■ **PROBLEM STATEMENT**: Search the records below for the word "reference" and show every line where it occurs.

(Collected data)
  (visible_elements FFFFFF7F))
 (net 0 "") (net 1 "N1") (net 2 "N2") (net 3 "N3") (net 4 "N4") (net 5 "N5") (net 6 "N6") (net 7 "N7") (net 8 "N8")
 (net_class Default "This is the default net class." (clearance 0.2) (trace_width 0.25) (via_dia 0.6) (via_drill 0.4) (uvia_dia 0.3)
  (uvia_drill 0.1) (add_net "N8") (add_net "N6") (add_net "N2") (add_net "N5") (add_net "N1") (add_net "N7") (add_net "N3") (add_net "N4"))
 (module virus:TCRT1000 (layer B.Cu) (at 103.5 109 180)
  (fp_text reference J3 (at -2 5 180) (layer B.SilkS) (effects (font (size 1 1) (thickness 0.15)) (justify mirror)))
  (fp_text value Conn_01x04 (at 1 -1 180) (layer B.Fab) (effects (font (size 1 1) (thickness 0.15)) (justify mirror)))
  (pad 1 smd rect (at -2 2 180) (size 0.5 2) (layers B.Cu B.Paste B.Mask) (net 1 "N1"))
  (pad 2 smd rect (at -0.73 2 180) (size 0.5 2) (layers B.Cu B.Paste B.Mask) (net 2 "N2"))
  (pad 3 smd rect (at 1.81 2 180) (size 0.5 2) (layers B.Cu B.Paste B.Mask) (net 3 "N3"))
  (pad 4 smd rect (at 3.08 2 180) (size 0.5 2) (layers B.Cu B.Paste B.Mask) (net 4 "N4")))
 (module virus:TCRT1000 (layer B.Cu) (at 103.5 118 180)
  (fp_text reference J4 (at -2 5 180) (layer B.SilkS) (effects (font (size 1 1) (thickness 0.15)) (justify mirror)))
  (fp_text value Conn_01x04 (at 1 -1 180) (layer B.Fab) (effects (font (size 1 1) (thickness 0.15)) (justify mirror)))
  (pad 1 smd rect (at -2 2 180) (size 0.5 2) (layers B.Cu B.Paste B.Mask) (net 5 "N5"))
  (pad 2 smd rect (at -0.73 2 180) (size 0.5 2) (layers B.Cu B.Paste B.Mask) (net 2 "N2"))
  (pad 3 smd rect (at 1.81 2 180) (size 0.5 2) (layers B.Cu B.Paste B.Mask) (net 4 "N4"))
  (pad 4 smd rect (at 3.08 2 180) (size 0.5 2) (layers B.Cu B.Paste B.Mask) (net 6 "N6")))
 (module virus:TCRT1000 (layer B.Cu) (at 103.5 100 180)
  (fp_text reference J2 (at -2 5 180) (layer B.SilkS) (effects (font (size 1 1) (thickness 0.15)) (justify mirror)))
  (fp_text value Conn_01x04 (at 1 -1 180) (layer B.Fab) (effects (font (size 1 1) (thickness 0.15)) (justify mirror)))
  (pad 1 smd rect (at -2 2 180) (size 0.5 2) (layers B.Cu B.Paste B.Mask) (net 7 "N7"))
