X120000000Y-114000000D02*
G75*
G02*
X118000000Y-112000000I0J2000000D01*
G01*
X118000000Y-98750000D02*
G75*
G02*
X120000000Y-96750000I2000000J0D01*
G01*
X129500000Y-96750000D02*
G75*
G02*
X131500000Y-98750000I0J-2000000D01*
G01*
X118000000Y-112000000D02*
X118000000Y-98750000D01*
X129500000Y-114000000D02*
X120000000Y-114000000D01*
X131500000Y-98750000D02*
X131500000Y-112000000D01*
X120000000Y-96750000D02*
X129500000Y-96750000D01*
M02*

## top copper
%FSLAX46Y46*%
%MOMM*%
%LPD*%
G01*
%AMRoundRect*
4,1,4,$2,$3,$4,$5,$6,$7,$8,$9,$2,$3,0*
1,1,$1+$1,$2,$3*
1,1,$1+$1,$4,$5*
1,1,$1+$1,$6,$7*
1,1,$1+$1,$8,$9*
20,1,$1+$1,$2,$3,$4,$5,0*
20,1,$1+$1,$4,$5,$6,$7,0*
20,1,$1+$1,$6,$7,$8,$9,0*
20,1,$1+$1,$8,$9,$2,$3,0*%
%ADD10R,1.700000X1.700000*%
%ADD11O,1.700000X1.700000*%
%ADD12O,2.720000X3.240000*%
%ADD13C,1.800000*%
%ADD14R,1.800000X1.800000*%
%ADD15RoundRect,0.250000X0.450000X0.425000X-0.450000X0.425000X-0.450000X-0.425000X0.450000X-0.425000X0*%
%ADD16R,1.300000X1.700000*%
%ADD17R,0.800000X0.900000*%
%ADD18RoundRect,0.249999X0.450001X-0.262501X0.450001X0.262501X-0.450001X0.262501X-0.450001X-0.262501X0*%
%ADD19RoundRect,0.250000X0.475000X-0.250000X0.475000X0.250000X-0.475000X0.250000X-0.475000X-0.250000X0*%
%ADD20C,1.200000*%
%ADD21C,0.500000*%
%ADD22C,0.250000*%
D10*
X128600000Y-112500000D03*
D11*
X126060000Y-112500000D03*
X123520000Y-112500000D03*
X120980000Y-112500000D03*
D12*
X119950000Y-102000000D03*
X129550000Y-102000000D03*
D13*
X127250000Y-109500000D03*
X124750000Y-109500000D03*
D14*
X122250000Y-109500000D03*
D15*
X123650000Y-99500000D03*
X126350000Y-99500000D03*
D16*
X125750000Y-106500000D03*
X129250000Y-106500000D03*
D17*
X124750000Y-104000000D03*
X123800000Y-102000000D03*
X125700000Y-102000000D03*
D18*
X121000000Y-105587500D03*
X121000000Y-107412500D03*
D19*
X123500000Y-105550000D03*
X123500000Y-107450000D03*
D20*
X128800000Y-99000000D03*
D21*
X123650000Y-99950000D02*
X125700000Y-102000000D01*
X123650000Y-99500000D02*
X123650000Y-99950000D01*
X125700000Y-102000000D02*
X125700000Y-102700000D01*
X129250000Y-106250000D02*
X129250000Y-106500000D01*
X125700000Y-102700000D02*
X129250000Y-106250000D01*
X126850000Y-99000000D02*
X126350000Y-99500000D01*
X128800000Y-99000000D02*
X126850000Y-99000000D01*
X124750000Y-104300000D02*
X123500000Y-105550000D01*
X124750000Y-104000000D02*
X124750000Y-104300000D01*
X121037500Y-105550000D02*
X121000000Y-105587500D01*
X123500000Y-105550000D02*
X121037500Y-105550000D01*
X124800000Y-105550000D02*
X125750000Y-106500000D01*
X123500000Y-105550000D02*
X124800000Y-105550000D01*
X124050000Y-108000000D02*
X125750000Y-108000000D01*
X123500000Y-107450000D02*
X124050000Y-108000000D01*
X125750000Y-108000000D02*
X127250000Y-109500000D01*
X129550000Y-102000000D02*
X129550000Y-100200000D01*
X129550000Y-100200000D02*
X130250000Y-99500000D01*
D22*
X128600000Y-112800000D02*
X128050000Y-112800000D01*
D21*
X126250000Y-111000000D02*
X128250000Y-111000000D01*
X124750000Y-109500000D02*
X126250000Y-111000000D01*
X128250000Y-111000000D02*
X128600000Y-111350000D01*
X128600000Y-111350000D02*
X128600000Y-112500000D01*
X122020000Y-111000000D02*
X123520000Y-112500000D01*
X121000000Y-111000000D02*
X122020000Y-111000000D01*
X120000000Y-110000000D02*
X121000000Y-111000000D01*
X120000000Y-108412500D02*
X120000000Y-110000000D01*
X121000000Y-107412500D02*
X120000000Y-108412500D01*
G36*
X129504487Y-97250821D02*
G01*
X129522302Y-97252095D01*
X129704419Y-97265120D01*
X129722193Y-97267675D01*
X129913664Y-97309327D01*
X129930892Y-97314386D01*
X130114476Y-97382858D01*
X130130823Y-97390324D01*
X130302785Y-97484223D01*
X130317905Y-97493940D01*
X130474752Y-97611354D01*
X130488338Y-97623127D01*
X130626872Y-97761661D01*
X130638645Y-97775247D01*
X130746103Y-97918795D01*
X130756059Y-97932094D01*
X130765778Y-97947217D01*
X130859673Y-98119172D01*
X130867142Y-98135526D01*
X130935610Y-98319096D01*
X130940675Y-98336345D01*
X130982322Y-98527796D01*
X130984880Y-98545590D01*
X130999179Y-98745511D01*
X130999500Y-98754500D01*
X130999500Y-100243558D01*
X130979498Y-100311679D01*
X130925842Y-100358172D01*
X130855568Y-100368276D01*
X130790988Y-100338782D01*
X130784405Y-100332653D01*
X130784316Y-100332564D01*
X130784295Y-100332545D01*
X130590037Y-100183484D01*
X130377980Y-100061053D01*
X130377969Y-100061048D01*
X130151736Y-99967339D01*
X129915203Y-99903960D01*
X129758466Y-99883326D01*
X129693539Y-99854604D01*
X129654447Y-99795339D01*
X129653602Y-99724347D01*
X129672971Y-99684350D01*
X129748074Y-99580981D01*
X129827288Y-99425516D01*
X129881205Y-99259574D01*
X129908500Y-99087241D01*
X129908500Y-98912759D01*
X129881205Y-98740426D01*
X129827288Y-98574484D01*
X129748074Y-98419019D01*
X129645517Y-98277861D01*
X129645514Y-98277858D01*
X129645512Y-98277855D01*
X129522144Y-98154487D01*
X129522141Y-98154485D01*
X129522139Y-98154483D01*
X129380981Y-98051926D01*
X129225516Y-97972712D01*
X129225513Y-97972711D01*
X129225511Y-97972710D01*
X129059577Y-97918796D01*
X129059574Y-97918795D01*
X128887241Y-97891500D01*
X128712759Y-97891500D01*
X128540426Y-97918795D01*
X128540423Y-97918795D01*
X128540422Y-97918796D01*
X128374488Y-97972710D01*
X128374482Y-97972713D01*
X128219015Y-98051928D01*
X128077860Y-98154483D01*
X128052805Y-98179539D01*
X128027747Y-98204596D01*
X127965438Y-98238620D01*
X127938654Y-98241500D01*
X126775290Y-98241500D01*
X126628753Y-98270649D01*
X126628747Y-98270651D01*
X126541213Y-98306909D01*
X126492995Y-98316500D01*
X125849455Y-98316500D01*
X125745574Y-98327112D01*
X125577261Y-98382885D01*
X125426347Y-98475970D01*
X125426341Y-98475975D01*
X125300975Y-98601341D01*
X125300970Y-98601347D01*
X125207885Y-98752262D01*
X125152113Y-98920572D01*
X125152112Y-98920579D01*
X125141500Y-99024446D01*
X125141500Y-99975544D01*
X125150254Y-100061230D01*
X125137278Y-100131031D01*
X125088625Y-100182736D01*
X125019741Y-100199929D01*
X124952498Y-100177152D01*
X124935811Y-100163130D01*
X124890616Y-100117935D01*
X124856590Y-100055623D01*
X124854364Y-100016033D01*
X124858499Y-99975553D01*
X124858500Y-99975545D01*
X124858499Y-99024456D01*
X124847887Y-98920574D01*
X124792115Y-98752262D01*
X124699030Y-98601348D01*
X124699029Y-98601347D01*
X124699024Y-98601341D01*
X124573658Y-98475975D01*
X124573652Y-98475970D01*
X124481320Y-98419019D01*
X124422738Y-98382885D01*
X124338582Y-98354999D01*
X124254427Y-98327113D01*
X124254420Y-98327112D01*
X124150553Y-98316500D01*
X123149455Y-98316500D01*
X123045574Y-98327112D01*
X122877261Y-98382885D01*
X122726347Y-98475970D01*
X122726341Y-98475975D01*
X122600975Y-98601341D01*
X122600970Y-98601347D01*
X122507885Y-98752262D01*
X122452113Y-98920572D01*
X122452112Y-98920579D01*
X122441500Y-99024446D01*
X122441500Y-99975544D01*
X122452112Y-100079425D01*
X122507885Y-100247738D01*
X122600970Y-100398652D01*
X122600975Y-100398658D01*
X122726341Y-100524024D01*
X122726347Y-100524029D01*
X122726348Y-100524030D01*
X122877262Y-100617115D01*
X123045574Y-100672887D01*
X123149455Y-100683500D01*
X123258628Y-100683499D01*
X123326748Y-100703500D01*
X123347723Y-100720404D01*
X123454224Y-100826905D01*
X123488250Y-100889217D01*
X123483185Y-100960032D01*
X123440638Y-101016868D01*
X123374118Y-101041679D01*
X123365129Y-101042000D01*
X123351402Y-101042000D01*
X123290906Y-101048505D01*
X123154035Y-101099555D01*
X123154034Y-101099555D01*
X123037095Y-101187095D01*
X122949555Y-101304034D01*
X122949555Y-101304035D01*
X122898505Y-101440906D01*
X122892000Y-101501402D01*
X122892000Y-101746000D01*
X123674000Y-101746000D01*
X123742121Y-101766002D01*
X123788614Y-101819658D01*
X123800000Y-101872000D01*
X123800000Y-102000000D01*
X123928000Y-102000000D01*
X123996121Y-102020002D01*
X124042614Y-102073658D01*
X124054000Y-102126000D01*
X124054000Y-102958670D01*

■ **RESPONSE FOR THIS EXERCISE**:
  (fp_text reference J3 (at -2 5 180) (layer B.SilkS) (effects (font (size 1 1) (thickness 0.15)) (justify mirror)))
  (fp_text reference J4 (at -2 5 180) (layer B.SilkS) (effects (font (size 1 1) (thickness 0.15)) (justify mirror)))
  (fp_text reference J2 (at -2 5 180) (layer B.SilkS) (effects (font (size 1 1) (thickness 0.15)) (justify mirror)))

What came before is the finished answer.